Now we can use our helper functions from the irtools
package to help summarise our results.
summarise_brms_results
We can use the summarise_brms_results
function to pull out some summary information from our fitted model including the effect size, our point estimate for the effect as well as our credible interval. Note that brms
added a “b_” before our variable.
make_standardized_betas
Note that the values from the summarise_brms_results
are on the original scale (e.g. points on a 4.0 GPA scale). However, when we are comparing across several different parameters sometimes we like to include standardized values in order to judge the order of magnitude (e.g. a 1pt GPA jump might be a bigger effect than a 1 hour move in credits earned). The make_standardized_betas
function will standardize our coefficients.
(std_betas <- make_standardized_betas(fit_gpa, coef = "b_treated") %>%
add_column(Outcome = "gpa"))
#> # A tibble: 1 x 4
#> std_beta_mu std_lower std_upper Outcome
#> <dbl> <dbl> <dbl> <chr>
#> 1 0.201 0.129 0.273 gpa
Typically we want to look at these two tables together so we could easily combine them with:
(combined_results <- summaries %>%
left_join(std_betas, by = "Outcome"))
#> term estimate std.error lower upper mu_gpa
#> 1 b_treated 0.08582733 0.01893032 0.05511923 0.1165057 0.08582733
#> cohen_d cles type non_zero_effect Outcome std_beta_mu
#> 1 0.4140671 0.6605875 Cohen's D 1 gpa 0.201125
#> std_lower std_upper
#> 1 0.1291646 0.2730157
The next step is to combine the results into the appropriate data frame structure. It is important that certain column names exist in order to use the make_regression_results_graph
. These include those from the previously joined brms
results as well as fields for
Pretty_Title
significant
description
For example see below how I add them. In the usualsuspects
template most of this step is completely automated.

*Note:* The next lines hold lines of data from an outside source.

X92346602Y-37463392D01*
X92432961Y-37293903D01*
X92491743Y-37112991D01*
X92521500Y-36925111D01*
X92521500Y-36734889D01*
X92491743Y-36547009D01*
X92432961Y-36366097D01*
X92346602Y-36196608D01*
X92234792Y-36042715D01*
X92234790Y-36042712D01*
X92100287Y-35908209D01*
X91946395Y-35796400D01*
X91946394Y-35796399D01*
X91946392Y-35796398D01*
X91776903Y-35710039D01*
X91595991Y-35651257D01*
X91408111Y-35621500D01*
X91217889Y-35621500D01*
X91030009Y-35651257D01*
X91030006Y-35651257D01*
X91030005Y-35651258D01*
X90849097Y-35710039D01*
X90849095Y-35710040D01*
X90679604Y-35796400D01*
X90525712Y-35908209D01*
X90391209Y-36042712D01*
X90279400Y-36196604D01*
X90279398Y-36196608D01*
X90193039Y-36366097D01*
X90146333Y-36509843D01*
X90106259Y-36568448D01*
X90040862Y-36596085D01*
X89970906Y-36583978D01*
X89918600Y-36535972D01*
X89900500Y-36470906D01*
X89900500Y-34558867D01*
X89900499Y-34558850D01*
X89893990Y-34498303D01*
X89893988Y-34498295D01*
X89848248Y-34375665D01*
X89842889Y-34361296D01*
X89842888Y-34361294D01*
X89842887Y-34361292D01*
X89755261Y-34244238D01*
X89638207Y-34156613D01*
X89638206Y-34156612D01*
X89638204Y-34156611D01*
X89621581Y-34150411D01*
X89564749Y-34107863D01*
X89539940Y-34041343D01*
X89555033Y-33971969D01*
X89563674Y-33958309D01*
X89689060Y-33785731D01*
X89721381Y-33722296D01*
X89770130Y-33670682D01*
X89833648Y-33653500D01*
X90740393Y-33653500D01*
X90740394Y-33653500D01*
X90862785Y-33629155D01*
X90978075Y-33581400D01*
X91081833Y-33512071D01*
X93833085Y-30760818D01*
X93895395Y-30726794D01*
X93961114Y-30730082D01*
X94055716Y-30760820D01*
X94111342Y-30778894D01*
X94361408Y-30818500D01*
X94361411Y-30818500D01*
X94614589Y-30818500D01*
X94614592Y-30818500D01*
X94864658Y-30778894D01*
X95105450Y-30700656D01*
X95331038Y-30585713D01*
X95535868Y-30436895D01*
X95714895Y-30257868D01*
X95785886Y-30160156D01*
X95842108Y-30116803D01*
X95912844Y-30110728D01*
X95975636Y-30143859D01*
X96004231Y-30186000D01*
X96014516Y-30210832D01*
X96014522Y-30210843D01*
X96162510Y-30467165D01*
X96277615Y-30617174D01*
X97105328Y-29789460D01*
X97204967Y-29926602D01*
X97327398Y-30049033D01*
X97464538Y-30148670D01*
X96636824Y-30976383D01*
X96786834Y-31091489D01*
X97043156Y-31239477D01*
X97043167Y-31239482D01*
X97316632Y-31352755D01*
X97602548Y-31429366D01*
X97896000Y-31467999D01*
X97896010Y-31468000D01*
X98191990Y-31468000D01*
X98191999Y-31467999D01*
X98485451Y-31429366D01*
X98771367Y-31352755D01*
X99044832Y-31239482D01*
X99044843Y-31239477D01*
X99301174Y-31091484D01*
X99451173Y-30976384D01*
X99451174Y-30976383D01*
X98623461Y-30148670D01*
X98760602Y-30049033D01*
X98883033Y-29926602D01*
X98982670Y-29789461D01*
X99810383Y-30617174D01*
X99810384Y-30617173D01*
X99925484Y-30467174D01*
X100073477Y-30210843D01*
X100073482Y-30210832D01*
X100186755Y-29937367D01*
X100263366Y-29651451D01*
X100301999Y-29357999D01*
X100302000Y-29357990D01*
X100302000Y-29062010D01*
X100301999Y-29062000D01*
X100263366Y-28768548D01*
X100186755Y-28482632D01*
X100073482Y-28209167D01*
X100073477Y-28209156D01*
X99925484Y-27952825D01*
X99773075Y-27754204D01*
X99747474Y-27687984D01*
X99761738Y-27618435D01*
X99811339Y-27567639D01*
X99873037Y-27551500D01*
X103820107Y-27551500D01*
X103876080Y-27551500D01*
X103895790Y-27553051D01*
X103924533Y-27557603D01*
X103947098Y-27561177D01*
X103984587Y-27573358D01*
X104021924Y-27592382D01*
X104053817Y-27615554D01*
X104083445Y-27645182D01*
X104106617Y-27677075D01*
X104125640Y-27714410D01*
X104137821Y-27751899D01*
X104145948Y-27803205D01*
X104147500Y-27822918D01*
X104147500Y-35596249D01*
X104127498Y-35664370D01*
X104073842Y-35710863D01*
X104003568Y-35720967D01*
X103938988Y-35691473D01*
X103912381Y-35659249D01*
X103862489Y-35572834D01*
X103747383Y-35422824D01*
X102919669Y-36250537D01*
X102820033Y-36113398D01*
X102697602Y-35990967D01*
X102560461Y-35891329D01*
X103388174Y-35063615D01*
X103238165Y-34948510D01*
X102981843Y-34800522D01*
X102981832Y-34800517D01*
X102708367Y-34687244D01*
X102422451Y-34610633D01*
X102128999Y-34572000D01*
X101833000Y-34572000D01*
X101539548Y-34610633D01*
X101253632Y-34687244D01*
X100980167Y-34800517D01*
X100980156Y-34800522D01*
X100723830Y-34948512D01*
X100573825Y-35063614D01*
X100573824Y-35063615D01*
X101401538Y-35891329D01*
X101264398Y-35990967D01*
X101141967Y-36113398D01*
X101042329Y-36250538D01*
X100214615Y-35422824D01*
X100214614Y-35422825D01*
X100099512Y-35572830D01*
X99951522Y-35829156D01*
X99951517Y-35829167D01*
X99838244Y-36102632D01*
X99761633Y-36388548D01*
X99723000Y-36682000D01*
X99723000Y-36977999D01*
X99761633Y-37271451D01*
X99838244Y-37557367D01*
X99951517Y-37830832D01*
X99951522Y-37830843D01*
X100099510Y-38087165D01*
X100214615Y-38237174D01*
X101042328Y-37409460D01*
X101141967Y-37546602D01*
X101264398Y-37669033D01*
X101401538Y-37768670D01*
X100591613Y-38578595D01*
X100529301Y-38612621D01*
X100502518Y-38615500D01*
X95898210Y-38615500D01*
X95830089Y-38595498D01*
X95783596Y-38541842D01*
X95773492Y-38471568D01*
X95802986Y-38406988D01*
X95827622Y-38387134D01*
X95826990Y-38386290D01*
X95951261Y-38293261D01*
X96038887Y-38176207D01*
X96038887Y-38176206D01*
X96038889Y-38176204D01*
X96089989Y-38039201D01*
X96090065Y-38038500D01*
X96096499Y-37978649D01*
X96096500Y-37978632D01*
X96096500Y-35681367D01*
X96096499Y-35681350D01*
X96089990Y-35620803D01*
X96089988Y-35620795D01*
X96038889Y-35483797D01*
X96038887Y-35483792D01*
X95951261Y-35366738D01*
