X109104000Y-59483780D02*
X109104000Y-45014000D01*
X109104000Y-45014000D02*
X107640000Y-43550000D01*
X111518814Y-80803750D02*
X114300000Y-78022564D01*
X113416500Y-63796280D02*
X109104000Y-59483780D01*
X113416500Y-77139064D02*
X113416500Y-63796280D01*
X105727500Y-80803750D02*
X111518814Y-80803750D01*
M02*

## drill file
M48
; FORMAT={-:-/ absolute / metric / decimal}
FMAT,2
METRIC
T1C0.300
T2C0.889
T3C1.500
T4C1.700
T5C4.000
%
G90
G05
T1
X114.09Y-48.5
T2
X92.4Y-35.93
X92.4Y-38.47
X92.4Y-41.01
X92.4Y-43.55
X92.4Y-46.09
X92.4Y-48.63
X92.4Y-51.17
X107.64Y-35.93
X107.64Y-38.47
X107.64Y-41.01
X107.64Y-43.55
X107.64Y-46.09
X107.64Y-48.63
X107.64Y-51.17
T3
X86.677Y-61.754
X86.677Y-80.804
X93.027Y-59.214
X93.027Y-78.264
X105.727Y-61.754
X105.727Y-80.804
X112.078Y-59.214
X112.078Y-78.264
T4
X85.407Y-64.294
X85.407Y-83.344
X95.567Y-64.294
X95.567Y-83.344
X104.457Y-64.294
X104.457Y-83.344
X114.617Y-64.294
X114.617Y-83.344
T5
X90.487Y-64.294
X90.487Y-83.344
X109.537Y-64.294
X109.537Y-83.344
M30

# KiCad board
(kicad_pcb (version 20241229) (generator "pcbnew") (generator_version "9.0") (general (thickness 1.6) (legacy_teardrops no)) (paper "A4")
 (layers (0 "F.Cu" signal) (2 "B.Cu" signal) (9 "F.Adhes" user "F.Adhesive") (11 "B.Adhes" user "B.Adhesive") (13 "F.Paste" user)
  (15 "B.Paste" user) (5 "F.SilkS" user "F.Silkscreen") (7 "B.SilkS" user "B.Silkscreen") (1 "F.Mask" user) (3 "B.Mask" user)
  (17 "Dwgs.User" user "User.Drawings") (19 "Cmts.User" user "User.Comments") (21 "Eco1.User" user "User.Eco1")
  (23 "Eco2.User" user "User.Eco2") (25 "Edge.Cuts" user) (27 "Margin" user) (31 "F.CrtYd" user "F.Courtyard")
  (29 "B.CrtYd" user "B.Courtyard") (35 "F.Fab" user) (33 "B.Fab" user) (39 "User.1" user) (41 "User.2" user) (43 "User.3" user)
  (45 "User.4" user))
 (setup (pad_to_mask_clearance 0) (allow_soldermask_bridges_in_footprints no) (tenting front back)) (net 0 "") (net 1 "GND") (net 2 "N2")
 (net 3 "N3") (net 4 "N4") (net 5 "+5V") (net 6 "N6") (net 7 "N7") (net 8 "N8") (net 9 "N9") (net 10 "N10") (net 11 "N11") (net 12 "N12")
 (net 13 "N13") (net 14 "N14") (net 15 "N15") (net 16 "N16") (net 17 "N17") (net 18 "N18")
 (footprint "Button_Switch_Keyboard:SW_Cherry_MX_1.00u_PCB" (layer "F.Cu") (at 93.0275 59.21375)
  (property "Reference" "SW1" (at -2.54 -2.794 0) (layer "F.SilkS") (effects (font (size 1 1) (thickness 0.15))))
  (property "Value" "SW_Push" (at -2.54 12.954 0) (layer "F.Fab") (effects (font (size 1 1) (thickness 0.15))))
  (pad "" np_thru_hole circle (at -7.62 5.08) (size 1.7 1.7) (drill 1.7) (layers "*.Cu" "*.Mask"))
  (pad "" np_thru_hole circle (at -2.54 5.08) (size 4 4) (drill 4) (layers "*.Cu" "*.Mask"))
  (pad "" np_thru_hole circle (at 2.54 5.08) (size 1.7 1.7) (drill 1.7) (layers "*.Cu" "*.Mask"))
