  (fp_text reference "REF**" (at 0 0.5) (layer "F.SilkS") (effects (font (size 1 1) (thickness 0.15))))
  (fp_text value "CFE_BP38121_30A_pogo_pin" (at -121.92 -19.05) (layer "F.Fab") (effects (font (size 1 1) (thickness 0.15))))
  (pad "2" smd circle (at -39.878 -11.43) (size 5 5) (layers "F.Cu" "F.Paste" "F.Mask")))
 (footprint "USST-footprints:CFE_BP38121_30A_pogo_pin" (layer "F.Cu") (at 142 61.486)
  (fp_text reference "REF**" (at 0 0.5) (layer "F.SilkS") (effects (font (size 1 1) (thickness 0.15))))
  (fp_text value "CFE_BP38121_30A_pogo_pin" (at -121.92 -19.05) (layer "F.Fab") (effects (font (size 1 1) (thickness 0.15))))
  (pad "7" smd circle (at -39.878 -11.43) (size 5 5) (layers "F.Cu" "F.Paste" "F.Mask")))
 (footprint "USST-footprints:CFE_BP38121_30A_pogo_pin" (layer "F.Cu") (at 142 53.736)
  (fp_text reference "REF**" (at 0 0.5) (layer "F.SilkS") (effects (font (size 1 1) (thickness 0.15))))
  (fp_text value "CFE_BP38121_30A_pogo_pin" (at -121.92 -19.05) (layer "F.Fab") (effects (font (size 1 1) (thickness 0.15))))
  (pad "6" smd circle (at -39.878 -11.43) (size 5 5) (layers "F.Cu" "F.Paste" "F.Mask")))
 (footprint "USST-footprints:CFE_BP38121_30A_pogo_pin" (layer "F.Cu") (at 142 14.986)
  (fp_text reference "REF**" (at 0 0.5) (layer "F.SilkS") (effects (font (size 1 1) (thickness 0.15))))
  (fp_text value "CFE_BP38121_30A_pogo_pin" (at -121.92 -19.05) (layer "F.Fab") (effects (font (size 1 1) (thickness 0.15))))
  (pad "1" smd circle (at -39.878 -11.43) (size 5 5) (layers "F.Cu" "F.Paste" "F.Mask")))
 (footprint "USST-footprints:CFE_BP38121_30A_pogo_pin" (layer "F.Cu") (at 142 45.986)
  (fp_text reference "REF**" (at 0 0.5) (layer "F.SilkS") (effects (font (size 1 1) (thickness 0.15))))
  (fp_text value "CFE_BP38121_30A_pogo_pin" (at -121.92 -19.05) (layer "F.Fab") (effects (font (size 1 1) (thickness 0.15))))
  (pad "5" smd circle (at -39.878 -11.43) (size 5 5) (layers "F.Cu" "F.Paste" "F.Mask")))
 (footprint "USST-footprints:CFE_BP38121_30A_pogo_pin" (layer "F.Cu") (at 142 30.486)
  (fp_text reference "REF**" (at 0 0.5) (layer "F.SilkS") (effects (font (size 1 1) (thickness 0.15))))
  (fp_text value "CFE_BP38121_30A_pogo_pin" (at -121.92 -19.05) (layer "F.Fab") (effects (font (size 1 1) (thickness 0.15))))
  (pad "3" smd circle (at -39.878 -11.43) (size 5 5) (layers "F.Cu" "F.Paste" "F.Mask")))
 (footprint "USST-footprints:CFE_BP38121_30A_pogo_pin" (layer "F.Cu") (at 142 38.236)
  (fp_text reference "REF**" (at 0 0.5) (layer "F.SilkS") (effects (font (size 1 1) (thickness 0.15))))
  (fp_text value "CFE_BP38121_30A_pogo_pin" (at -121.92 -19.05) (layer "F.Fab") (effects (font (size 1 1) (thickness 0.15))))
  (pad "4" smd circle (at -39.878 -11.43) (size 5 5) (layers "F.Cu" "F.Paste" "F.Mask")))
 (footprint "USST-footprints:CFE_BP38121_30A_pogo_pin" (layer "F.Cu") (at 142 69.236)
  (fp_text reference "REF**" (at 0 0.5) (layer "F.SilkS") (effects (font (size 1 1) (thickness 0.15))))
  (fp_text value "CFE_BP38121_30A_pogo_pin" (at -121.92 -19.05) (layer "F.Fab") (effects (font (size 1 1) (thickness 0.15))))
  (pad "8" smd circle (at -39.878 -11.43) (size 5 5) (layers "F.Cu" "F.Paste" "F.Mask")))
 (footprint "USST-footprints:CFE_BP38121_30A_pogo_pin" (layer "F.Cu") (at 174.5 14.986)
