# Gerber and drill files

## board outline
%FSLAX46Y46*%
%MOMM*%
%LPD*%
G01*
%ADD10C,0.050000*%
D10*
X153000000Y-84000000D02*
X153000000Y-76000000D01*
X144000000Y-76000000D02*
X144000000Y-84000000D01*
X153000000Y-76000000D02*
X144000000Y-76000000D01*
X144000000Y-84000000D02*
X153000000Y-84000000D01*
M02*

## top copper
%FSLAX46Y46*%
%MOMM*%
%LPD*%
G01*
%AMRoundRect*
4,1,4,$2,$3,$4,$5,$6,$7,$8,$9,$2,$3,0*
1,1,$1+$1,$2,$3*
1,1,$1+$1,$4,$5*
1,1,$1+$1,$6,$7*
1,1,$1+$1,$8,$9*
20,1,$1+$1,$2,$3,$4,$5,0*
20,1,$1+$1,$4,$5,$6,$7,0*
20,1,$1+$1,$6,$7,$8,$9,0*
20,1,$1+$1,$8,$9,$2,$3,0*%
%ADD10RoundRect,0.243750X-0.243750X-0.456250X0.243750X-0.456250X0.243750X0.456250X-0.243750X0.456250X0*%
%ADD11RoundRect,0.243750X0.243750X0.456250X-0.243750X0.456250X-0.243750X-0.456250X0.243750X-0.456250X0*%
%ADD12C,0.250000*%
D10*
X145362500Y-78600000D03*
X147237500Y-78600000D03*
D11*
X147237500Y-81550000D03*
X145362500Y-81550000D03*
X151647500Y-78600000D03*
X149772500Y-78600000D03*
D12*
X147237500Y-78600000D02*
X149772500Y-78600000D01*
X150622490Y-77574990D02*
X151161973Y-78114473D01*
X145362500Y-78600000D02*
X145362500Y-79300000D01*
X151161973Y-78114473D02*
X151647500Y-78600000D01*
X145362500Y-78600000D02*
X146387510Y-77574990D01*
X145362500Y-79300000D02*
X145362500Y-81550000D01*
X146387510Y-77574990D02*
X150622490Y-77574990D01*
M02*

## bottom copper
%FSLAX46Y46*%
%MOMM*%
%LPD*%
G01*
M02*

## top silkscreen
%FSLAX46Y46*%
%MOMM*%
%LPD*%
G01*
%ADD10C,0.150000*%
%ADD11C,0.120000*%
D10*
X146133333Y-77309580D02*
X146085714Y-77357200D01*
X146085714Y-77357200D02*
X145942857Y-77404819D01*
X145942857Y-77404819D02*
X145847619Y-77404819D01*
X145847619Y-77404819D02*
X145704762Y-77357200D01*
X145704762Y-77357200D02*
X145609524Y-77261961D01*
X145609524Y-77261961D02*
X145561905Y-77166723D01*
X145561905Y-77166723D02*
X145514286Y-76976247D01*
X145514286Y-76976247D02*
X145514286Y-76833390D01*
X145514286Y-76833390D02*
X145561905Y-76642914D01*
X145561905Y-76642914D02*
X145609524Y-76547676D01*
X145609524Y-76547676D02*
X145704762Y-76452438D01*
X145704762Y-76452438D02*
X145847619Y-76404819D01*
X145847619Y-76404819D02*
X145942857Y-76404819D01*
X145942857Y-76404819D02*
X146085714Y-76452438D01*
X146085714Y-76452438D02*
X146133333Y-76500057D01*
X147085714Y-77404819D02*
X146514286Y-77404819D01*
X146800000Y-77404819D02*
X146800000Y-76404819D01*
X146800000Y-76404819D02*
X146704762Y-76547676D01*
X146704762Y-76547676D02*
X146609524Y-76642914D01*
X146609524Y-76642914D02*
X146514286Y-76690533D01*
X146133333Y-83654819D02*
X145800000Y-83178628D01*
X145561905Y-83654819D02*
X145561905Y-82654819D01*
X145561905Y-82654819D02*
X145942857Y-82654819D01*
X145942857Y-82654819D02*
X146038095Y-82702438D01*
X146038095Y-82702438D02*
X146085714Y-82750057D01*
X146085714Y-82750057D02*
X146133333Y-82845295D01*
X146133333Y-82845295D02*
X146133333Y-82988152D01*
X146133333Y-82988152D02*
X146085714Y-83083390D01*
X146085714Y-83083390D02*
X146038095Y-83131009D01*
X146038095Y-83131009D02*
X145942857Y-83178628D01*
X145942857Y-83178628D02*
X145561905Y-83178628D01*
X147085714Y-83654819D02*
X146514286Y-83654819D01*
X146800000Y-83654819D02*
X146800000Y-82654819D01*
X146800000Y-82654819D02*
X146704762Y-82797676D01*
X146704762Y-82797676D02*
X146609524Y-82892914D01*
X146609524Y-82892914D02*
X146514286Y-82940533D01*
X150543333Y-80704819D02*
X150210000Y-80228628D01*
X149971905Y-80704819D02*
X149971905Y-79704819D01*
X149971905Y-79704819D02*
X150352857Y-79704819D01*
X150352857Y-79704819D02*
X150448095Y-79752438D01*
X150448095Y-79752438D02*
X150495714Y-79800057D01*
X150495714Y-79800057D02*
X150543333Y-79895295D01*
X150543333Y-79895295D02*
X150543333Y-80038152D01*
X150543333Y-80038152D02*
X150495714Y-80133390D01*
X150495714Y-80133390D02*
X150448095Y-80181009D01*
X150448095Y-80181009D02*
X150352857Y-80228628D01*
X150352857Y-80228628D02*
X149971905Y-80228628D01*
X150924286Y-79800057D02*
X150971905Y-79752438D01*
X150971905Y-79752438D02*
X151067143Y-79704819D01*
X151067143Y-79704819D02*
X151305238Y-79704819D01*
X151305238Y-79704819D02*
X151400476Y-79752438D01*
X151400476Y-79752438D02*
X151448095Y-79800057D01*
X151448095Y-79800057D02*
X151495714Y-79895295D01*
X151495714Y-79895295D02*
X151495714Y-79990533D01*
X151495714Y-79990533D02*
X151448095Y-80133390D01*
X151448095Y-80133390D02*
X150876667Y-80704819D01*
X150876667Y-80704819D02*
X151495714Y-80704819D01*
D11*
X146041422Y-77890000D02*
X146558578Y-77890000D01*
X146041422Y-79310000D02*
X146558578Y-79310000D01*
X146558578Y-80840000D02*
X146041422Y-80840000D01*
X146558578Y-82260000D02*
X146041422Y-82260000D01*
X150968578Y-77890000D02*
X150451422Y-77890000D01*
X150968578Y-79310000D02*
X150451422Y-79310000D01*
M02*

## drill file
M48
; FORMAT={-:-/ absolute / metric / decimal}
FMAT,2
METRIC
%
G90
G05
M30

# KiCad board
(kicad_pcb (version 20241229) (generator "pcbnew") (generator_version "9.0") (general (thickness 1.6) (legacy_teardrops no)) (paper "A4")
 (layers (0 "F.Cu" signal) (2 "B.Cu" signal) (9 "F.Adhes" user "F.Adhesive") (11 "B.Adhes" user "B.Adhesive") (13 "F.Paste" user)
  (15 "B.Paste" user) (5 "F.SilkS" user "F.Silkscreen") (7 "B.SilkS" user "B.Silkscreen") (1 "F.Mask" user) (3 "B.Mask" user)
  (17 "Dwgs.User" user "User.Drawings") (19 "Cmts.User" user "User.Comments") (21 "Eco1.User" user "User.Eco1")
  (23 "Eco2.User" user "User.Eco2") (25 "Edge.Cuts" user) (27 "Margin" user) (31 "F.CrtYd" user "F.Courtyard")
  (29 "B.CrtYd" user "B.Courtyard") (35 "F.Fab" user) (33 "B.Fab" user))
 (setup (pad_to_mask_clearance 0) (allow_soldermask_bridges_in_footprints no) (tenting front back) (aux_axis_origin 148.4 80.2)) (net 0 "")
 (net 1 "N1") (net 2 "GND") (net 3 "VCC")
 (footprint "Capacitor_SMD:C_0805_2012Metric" (layer "F.Cu") (at 146.3 78.6)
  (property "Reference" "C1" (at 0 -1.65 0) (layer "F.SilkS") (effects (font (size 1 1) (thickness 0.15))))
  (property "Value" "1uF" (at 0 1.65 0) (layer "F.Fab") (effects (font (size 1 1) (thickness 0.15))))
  (fp_line (start -0.258578 -0.71) (end 0.258578 -0.71) (stroke (width 0.12) (type solid)) (layer "F.SilkS"))
  (fp_line (start -0.258578 0.71) (end 0.258578 0.71) (stroke (width 0.12) (type solid)) (layer "F.SilkS"))
  (pad "1" smd roundrect (at -0.9375 0) (size 0.975 1.4) (layers "F.Cu" "F.Mask" "F.Paste") (roundrect_rratio 0.25) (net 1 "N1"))
  (pad "2" smd roundrect (at 0.9375 0) (size 0.975 1.4) (layers "F.Cu" "F.Mask" "F.Paste") (roundrect_rratio 0.25) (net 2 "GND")))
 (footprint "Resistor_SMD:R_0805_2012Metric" (layer "F.Cu") (at 146.3 81.55 180)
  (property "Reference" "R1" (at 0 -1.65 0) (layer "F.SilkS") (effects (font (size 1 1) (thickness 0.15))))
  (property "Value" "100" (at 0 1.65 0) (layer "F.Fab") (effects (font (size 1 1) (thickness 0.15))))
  (fp_line (start -0.258578 0.71) (end 0.258578 0.71) (stroke (width 0.12) (type solid)) (layer "F.SilkS"))
  (fp_line (start -0.258578 -0.71) (end 0.258578 -0.71) (stroke (width 0.12) (type solid)) (layer "F.SilkS"))
  (pad "1" smd roundrect (at -0.9375 0 180) (size 0.975 1.4) (layers "F.Cu" "F.Mask" "F.Paste") (roundrect_rratio 0.25) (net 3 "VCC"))
  (pad "2" smd roundrect (at 0.9375 0 180) (size 0.975 1.4) (layers "F.Cu" "F.Mask" "F.Paste") (roundrect_rratio 0.25) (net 1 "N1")))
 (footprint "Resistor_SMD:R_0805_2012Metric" (layer "F.Cu") (at 150.71 78.6 180)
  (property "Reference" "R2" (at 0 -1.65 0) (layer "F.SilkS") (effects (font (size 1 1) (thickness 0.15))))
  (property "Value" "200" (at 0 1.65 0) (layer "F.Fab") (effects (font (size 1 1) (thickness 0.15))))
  (fp_line (start -0.258578 0.71) (end 0.258578 0.71) (stroke (width 0.12) (type solid)) (layer "F.SilkS"))
  (fp_line (start -0.258578 -0.71) (end 0.258578 -0.71) (stroke (width 0.12) (type solid)) (layer "F.SilkS"))
  (pad "1" smd roundrect (at -0.9375 0 180) (size 0.975 1.4) (layers "F.Cu" "F.Mask" "F.Paste") (roundrect_rratio 0.25) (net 1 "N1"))
  (pad "2" smd roundrect (at 0.9375 0 180) (size 0.975 1.4) (layers "F.Cu" "F.Mask" "F.Paste") (roundrect_rratio 0.25) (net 2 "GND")))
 (gr_line (start 153 84) (end 153 76) (stroke (width 0.05) (type solid)) (layer "Edge.Cuts"))
 (gr_line (start 144 76) (end 144 84) (stroke (width 0.05) (type solid)) (layer "Edge.Cuts"))
 (gr_line (start 153 76) (end 144 76) (stroke (width 0.05) (type solid)) (layer "Edge.Cuts"))
 (gr_line (start 144 84) (end 153 84) (stroke (width 0.05) (type solid)) (layer "Edge.Cuts"))
 (segment (start 147.2375 78.6) (end 149.7725 78.6) (width 0.25) (layer "F.Cu") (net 2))
 (segment (start 150.62249 77.57499) (end 151.161973 78.114473) (width 0.25) (layer "F.Cu") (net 1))
 (segment (start 145.3625 78.6) (end 145.3625 79.3) (width 0.25) (layer "F.Cu") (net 1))
 (segment (start 151.161973 78.114473) (end 151.6475 78.6) (width 0.25) (layer "F.Cu") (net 1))
 (segment (start 145.3625 78.6) (end 146.38751 77.57499) (width 0.25) (layer "F.Cu") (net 1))
 (segment (start 145.3625 79.3) (end 145.3625 81.55) (width 0.25) (layer "F.Cu") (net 1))
 (segment (start 146.38751 77.57499) (end 150.62249 77.57499) (width 0.25) (layer "F.Cu") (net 1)))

regression_fi <- combined_results %>%
add_column(Pretty_Title = "Grade Point Average") %>%
# Clean up and add some flags
mutate_if(is.numeric, round, digits = 2) %>%
left_join(outcome_description) %>%
select(Pretty_Title, everything(), -Outcome) %>%
mutate(significant = case_when(
lower < 0 & upper < 0~ 1,
lower > 0 & upper > 0 ~ 1,
TRUE~ 0
)) %>%
mutate(description =ifelse(significant == 1, case_when(
abs(cohen_d) < 0.05 ~ "Small",
abs(cohen_d) >= 0.05 & abs(cohen_d) < 0.2~ "Medium",
abs(cohen_d) >= 0.2 ~ "Large",
), "")) %>%
make_regression_results_graph(treated_name = "Treated")
#> Joining, by = c("Outcome", "Pretty_Title")
Now we can use the make_tie_fighter_plot
function to generate our familiar plot.
This graph shows the standardized betas, uses the different criteria for effect size and includes the legend. If the initial table has more values (e.g. GPA, hrs earned, etc, this will automatically display them all together).